Bergamot essential oil is extracted by cold pressing the epicarp (outer peel) and, partly, the mesocarp (pith) of fresh bergamot oranges.  Bergamot essential oil appears pale greenish yellow in color and affords a citrus-like or fruity refreshing scent with a note of floral slightly spicy quality and a warm, balsamic undertone.  It not only is demanded in perfumery and cosmetic industries but also is employed by pharmaceutical, food, and confectionery industries.
Uses and Reported Benefits
In alternative healthcare, bergamot essential oil is principally used for the therapeutic management of acne, boils, eczema, dermatitis, psoriasis, varicose ulcers, cold sores,  flu, fever and colds  and is stated to aid people suffering from depression, stress, tension, fear, hysteria, and anorexia. 
It can be either diffused into the air to freshen a room and uplift emotions or added into bathwater, massage oils, skin lotions, potpourri, and perfumes.  A few drops in a saucer of hot water on top of a radiator enliven any room, and inhaling it directly from a tissue presumably works magic for anyone in emotional upset or negative moods. A maximum of five drops for massage or bath is recommended to invigorate one’s spirit. 
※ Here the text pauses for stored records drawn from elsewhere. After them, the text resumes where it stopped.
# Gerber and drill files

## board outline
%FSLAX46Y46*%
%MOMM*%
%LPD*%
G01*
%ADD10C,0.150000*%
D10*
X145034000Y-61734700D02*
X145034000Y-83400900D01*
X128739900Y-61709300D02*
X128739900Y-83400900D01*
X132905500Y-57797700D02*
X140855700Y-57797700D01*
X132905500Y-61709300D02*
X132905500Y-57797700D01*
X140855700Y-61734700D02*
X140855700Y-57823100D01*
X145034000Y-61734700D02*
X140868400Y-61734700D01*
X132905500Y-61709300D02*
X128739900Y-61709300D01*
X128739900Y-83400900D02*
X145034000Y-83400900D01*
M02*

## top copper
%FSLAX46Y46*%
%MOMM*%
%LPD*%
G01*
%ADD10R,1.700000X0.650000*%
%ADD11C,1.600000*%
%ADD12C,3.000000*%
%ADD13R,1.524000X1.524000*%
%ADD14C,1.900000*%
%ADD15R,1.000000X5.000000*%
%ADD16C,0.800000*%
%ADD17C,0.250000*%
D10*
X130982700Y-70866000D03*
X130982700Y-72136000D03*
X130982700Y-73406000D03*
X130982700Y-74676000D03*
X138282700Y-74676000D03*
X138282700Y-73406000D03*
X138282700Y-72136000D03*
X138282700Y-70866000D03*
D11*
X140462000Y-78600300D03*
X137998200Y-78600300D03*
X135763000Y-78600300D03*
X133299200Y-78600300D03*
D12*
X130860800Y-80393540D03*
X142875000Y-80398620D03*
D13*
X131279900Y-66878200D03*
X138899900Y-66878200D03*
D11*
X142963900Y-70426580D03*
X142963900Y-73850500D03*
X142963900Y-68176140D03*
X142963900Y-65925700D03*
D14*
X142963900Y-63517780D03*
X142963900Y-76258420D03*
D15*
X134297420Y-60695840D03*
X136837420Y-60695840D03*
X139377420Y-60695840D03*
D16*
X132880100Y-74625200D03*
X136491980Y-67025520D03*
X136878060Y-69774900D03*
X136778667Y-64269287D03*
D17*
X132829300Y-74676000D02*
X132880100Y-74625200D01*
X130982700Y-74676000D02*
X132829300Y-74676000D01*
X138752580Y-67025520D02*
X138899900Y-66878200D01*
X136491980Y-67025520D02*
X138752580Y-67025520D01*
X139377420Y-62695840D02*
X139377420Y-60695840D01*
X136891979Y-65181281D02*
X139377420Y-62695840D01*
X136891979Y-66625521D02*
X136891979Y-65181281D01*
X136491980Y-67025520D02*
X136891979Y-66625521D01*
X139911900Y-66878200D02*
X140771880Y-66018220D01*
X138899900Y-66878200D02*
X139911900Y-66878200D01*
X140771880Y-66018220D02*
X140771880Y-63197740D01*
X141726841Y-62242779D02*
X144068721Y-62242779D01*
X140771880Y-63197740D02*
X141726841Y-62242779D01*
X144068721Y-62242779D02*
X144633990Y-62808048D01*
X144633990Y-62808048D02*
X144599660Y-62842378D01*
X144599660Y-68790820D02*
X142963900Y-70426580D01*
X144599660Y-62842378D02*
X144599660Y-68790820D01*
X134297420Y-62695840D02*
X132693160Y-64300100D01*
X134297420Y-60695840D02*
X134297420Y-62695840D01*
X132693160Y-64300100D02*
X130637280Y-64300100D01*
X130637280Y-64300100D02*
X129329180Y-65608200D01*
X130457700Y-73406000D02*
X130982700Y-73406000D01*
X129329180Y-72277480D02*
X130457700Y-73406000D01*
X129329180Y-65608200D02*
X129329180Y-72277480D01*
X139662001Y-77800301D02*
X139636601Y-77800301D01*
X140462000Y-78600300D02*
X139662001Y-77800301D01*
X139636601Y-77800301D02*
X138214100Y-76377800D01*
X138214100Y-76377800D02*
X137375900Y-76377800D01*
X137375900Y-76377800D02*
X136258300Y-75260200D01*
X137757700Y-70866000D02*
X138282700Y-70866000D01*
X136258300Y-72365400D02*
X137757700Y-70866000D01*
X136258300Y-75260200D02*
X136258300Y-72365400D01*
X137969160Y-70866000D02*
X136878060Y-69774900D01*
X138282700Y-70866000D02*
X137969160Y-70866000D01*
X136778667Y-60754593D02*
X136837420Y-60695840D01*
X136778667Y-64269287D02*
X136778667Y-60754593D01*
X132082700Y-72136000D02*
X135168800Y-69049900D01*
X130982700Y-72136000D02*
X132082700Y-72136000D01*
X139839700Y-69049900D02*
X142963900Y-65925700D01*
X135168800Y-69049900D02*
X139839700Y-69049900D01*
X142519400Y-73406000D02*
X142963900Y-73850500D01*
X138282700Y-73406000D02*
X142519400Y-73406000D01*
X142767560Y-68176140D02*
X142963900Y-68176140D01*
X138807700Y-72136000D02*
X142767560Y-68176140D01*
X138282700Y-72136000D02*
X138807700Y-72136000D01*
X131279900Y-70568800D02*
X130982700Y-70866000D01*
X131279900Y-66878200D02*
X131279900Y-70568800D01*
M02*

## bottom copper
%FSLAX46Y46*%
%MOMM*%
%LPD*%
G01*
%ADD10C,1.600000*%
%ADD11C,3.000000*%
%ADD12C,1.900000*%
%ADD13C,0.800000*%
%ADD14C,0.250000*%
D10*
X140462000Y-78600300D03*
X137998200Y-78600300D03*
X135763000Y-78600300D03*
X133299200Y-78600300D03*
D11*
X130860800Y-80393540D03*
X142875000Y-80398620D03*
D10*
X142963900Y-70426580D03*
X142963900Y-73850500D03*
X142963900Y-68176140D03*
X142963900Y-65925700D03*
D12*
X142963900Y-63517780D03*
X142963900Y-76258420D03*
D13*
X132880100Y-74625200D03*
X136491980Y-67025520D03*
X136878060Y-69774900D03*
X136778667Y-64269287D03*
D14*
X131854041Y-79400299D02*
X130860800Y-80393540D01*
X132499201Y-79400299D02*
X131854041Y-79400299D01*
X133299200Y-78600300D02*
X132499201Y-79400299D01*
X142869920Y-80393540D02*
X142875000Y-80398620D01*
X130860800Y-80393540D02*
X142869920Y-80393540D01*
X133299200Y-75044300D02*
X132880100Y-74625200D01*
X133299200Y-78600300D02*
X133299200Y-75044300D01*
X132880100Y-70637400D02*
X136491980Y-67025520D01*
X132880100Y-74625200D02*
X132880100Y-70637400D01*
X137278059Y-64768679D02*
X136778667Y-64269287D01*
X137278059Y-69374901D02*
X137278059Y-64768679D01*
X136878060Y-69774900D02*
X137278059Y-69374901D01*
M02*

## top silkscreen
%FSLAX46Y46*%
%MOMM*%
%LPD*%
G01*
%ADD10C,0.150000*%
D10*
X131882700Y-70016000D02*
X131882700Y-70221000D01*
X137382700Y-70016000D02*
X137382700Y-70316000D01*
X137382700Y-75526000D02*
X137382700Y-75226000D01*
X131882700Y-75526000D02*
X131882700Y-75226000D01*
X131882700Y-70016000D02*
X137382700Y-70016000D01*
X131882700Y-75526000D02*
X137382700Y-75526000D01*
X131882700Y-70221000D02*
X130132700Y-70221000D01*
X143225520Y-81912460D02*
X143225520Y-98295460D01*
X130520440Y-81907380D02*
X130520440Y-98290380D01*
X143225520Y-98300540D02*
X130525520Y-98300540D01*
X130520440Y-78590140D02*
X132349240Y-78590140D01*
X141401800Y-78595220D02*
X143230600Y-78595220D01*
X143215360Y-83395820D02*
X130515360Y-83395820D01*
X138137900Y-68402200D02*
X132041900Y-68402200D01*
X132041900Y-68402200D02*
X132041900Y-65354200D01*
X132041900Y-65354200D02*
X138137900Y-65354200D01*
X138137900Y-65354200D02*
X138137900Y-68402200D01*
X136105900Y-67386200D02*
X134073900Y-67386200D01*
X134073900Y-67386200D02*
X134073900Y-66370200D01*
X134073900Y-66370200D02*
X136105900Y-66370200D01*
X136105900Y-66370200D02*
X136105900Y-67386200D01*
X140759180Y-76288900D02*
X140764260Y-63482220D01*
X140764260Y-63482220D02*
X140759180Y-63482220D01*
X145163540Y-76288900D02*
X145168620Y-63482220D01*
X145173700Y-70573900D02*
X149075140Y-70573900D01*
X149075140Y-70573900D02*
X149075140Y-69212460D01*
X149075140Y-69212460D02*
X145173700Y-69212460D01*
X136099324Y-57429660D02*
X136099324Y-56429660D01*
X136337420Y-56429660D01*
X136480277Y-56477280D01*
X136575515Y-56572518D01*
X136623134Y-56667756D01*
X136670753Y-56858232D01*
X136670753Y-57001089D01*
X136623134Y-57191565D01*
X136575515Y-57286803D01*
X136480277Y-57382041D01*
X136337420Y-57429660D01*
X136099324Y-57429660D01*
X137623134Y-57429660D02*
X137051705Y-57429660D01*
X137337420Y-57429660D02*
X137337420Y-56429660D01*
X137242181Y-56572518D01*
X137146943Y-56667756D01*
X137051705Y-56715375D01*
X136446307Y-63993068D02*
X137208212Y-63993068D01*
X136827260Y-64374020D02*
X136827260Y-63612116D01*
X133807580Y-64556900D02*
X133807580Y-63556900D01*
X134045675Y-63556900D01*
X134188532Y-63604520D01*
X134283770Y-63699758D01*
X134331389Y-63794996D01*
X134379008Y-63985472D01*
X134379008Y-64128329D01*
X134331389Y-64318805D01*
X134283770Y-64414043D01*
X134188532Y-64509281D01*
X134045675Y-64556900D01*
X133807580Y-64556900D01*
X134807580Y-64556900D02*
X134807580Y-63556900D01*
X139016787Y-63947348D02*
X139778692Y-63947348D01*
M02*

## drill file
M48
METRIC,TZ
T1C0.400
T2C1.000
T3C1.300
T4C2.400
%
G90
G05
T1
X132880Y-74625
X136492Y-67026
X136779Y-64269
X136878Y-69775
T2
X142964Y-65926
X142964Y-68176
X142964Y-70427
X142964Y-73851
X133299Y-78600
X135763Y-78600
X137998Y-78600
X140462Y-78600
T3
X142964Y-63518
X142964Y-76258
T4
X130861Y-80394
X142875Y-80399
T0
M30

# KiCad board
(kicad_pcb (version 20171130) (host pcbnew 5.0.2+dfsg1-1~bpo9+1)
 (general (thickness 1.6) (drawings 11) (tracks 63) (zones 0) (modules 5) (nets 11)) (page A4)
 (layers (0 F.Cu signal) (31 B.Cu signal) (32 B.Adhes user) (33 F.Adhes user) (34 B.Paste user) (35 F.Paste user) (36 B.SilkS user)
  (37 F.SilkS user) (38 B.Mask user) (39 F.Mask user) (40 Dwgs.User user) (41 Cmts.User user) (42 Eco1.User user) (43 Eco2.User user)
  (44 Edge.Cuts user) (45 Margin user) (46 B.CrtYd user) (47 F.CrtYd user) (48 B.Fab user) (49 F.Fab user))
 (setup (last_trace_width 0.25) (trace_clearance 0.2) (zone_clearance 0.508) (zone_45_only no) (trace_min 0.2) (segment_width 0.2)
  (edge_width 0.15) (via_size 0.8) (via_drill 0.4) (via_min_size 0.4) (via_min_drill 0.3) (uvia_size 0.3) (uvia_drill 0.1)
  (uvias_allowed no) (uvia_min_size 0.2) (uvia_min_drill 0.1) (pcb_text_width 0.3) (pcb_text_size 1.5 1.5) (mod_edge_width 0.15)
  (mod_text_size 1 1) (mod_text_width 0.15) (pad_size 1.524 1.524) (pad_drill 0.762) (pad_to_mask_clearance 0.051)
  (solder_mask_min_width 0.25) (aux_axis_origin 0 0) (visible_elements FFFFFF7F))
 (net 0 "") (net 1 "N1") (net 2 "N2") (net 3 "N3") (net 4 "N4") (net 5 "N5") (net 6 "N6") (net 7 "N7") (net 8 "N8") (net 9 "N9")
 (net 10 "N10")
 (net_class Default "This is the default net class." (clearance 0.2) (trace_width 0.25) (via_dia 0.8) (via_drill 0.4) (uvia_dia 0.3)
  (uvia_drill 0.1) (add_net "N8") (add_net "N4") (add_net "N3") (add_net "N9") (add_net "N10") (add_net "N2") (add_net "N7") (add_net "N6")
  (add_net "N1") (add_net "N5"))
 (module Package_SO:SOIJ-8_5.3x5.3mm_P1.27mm (layer F.Cu) (at 134.6327 72.771)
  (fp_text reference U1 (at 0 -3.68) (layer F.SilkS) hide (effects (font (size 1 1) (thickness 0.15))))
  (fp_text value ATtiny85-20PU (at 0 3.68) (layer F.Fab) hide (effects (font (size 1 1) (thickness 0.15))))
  (fp_line (start -2.75 -2.755) (end -2.75 -2.55) (layer F.SilkS) (width 0.15))
  (fp_line (start 2.75 -2.755) (end 2.75 -2.455) (layer F.SilkS) (width 0.15))
  (fp_line (start 2.75 2.755) (end 2.75 2.455) (layer F.SilkS) (width 0.15))
  (fp_line (start -2.75 2.755) (end -2.75 2.455) (layer F.SilkS) (width 0.15))
  (fp_line (start -2.75 -2.755) (end 2.75 -2.755) (layer F.SilkS) (width 0.15))
  (fp_line (start -2.75 2.755) (end 2.75 2.755) (layer F.SilkS) (width 0.15))
  (fp_line (start -2.75 -2.55) (end -4.5 -2.55) (layer F.SilkS) (width 0.15))
  (pad 1 smd rect (at -3.65 -1.905) (size 1.7 0.65) (layers F.Cu F.Paste F.Mask) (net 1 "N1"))
  (pad 2 smd rect (at -3.65 -0.635) (size 1.7 0.65) (layers F.Cu F.Paste F.Mask) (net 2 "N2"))
  (pad 3 smd rect (at -3.65 0.635) (size 1.7 0.65) (layers F.Cu F.Paste F.Mask) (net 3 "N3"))
  (pad 4 smd rect (at -3.65 1.905) (size 1.7 0.65) (layers F.Cu F.Paste F.Mask) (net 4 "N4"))
  (pad 5 smd rect (at 3.65 1.905) (size 1.7 0.65) (layers F.Cu F.Paste F.Mask) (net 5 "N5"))
  (pad 6 smd rect (at 3.65 0.635) (size 1.7 0.65) (layers F.Cu F.Paste F.Mask) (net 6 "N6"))
  (pad 7 smd rect (at 3.65 -0.635) (size 1.7 0.65) (layers F.Cu F.Paste F.Mask) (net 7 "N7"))
  (pad 8 smd rect (at 3.65 -1.905) (size 1.7 0.65) (layers F.Cu F.Paste F.Mask) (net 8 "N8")))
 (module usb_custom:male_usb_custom (layer F.Cu) (at 136.8806 78.6003 180)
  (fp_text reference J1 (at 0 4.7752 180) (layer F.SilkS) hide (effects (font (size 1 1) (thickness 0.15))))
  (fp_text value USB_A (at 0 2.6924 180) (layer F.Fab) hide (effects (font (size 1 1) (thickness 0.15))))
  (fp_line (start -6.34492 -3.31216) (end -6.34492 -19.69516) (layer F.SilkS) (width 0.15))
  (fp_line (start 6.36016 -3.30708) (end 6.36016 -19.69008) (layer F.SilkS) (width 0.15))
  (fp_line (start -6.34492 -19.70024) (end 6.35508 -19.70024) (layer F.SilkS) (width 0.15))
  (fp_line (start 6.36016 0.01016) (end 4.53136 0.01016) (layer F.SilkS) (width 0.15))
  (fp_line (start -4.5212 0.00508) (end -6.35 0.00508) (layer F.SilkS) (width 0.15))
  (fp_line (start -6.33476 -4.79552) (end 6.36524 -4.79552) (layer F.SilkS) (width 0.15))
Contraindications and Safety
The use of bergamot essential oil is generally considered safe for a majority of people if in appropriate amounts.  Due to its high bergapten content, bergamot essential oil is suggested to be not topically applied prior to sun exposure to prevent skin sensitivity to the sun, susceptibility to sunburn, and thus vulnerability to skin cancer.  Also, bergamot essential oil is best kept out of children’s reach, and administering large amounts of it is not recommended because convulsion as a serious side effect has been reported. 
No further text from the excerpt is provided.